In Q4 2021, the Whitsundays recorded a median house price of $540,000, and a median unit price of $315,000. This represents annual (Q4 2020 – Q4 2021) median price growth of 19.5% for houses and 8.6% for units. Between Q4 2020 – Q4 2021 total sales in both markets increased, up by 37.0% for houses (to 100 sales) and by 67.0% for units (to 162 sales). Current owner occupiers can benefit from real returns on capital investment, as median price growth is alongside higher sales numbers. Ready-to-sell houses are in low supply, creating an opportunity for developers to enter the market.

Average vendor discounts between Q4 2020 and Q4 2021 have tightened for both property types, to -1.8% for houses and -3.5% for units. Market conditions in Whitsundays have now shifted to favour sellers, where buyers are willing to offer closer to the first list price.

In December 2021, house rental yields in the Whitsundays were recorded at 6.0%. In the 12 months to Q4 2021, the median house rental price increased by 13.7% to reach $555 per week, while average days on the market remained at a low 19 days: thus indicating resilient rental market.
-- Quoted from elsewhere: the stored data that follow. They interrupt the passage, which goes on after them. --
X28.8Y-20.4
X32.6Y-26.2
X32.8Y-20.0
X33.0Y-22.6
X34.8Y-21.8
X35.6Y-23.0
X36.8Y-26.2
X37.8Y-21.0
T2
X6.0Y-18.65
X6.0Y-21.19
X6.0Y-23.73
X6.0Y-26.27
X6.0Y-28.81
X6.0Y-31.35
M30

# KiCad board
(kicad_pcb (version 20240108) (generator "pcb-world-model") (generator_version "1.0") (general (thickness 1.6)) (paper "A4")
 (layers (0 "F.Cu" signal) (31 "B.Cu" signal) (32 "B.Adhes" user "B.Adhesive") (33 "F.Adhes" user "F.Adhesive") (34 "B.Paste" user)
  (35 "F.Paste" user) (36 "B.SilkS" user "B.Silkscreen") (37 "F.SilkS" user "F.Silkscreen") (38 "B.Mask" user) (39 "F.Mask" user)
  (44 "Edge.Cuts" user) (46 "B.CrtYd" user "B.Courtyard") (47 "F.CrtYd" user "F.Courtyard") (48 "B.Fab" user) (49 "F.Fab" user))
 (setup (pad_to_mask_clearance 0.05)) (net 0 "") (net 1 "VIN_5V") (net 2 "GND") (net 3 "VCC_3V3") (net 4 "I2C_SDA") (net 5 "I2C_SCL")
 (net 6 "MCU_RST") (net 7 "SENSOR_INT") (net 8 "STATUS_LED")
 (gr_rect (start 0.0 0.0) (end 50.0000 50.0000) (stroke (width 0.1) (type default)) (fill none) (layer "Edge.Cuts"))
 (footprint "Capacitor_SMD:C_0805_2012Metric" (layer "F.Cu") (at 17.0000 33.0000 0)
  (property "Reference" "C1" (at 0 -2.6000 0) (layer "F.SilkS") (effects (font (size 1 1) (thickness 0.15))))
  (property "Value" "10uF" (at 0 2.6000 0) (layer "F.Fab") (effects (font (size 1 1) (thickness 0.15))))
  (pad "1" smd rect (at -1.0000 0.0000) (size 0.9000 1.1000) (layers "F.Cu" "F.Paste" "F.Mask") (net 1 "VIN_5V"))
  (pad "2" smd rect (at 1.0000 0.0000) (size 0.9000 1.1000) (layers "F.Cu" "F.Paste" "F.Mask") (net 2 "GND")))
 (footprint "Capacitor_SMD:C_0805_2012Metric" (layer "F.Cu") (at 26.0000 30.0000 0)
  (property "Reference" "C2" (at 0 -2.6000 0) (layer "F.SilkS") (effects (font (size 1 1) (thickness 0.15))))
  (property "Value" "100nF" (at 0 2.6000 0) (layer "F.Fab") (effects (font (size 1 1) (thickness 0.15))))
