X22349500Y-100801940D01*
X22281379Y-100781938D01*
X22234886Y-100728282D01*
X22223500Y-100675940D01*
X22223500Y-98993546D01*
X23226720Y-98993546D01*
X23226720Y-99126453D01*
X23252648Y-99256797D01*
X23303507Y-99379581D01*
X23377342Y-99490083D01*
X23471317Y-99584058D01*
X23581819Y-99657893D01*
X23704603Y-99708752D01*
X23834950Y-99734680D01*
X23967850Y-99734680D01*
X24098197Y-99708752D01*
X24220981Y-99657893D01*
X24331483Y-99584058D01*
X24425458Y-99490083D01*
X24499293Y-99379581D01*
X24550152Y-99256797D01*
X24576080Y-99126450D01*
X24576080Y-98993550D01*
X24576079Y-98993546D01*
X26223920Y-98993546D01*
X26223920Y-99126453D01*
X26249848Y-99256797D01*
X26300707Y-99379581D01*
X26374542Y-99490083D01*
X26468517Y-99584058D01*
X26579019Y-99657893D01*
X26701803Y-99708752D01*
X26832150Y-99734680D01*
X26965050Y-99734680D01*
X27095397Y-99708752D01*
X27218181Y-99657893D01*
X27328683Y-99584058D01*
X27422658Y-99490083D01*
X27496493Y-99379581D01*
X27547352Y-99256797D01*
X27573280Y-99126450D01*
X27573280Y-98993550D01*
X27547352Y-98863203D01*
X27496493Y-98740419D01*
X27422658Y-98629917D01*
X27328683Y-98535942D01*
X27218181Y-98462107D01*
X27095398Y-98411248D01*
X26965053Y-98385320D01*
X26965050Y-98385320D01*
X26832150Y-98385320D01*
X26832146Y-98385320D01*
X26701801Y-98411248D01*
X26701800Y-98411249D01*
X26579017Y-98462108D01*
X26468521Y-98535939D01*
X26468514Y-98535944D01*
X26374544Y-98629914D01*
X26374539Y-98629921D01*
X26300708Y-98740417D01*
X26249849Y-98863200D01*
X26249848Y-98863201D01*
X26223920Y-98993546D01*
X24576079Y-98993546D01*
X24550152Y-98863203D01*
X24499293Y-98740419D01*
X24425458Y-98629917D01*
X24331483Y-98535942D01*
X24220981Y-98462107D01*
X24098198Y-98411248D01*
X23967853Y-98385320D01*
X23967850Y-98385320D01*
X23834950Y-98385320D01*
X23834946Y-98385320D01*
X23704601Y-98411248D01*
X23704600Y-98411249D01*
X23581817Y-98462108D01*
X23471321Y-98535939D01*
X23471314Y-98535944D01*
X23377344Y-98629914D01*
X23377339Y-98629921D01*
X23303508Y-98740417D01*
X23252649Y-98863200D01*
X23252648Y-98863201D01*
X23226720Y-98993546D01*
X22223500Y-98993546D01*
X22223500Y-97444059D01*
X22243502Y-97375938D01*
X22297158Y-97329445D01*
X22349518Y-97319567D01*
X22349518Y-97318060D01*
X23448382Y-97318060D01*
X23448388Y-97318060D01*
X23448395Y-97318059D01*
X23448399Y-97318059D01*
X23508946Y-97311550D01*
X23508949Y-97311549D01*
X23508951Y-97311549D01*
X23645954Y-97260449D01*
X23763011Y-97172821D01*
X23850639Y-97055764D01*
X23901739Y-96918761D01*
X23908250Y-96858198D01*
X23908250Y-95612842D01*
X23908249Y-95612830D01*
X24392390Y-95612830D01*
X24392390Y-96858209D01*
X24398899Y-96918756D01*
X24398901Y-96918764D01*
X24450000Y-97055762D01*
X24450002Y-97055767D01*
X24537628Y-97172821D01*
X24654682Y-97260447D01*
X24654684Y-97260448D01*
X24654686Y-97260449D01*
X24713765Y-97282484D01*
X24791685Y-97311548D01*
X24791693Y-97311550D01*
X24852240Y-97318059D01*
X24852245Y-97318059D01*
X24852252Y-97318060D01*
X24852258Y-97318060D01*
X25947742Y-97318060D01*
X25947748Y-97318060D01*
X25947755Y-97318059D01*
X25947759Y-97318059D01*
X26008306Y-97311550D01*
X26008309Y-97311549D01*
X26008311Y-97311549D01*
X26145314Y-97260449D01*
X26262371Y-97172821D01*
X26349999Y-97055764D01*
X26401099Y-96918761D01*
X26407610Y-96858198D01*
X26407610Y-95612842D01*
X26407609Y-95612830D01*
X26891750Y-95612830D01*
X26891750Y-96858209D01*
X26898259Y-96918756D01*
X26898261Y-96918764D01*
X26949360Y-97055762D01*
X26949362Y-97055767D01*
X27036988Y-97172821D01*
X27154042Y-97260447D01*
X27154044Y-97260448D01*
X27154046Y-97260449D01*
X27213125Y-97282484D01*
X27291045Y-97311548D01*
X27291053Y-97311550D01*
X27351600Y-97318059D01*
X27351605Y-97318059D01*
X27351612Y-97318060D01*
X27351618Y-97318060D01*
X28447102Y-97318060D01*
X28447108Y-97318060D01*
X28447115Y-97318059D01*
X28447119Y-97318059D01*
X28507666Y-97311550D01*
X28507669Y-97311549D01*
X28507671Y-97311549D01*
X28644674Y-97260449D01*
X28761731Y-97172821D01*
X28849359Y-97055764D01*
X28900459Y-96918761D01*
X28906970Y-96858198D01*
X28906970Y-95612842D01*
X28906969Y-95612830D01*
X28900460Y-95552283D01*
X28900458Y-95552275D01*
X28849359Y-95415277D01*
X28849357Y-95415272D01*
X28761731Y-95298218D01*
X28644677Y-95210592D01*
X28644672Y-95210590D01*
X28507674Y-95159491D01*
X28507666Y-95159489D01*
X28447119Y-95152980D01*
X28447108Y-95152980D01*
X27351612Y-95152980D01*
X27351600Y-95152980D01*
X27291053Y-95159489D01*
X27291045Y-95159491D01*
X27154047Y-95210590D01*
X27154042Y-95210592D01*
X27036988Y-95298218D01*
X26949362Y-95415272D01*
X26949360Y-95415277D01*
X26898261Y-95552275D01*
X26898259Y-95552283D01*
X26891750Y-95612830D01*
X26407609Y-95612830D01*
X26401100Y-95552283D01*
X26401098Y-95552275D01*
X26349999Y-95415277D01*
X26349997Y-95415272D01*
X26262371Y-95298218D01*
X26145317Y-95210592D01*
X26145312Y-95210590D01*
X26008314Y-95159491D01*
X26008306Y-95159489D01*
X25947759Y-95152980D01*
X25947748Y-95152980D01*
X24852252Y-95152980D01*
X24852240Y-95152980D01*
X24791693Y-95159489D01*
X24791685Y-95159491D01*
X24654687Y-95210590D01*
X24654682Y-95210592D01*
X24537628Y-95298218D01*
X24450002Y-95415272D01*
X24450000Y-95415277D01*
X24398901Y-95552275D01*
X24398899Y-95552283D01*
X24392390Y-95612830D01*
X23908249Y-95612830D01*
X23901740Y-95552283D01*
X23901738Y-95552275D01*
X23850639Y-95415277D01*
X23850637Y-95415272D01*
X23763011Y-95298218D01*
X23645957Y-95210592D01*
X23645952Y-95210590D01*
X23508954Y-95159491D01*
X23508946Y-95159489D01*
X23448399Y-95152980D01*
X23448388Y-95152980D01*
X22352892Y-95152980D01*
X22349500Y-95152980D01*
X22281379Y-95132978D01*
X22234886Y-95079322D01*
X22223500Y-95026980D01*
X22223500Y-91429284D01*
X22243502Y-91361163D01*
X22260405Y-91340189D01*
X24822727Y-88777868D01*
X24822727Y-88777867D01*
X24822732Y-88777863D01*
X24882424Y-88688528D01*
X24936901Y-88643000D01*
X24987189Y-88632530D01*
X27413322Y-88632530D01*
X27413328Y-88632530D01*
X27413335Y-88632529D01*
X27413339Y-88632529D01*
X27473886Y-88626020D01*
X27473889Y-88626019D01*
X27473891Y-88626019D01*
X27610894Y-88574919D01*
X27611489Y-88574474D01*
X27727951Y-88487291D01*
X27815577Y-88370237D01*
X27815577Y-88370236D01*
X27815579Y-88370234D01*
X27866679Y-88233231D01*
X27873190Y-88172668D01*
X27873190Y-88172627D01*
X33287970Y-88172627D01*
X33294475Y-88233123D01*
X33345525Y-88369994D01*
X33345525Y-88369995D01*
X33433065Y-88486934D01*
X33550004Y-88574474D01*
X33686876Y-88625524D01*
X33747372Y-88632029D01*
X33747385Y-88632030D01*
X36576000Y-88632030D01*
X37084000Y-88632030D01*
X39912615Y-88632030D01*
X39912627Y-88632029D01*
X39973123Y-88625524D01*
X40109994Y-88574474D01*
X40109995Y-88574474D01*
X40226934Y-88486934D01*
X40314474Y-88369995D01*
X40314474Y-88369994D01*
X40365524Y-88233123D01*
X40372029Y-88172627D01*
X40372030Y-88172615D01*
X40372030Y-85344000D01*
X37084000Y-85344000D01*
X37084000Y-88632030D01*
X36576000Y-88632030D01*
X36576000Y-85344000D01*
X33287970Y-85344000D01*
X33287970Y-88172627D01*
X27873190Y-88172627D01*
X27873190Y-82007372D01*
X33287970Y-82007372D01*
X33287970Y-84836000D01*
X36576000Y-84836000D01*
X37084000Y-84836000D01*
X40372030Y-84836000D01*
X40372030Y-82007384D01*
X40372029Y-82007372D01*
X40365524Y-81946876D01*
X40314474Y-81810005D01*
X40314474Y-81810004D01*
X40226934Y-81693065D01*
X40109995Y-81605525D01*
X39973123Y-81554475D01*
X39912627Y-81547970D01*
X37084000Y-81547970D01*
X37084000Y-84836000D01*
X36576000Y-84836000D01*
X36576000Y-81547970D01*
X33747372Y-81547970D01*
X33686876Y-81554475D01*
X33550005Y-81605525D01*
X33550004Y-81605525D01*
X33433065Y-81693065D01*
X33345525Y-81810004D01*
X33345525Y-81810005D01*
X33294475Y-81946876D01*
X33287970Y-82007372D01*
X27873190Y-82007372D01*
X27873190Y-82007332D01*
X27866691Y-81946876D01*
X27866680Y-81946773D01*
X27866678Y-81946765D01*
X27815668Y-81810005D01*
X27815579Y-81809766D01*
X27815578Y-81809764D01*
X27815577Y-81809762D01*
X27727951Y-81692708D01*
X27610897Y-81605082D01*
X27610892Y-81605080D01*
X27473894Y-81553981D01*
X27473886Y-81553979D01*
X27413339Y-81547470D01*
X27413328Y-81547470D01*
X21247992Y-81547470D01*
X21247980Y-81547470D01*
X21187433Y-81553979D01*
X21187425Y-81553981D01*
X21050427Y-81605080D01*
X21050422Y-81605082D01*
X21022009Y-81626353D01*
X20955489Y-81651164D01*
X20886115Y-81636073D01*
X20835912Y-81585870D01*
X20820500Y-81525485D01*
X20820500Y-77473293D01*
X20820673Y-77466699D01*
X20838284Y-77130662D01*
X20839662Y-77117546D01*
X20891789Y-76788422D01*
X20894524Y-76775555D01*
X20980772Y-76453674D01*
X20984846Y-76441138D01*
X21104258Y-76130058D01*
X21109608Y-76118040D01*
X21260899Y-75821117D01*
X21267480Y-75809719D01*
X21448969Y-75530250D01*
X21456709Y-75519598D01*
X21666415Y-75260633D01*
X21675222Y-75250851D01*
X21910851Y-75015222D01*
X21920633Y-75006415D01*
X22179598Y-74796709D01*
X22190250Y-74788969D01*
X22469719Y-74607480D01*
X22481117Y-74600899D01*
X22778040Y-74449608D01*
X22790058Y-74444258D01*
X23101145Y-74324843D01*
4+ bedroom houses have provided investors with +21.2% rental growth annually, with a median rent of $600 per week.

Also in December 2021, the Whitsundays recorded a vacancy rate of 0.5%, below that of the Whitsunday Regional LGA (0.8%) and North Coast Queensland (1.0%). Vacancy rates in Whitsundays have trended within 1.0% for the past 18 months and remain well below the Real Estate Institute of Australia’s healthy benchmark of 3.0%. This confirms there is a healthy rental demand and investors can be confident of a conducive investment environment in Whitsundays.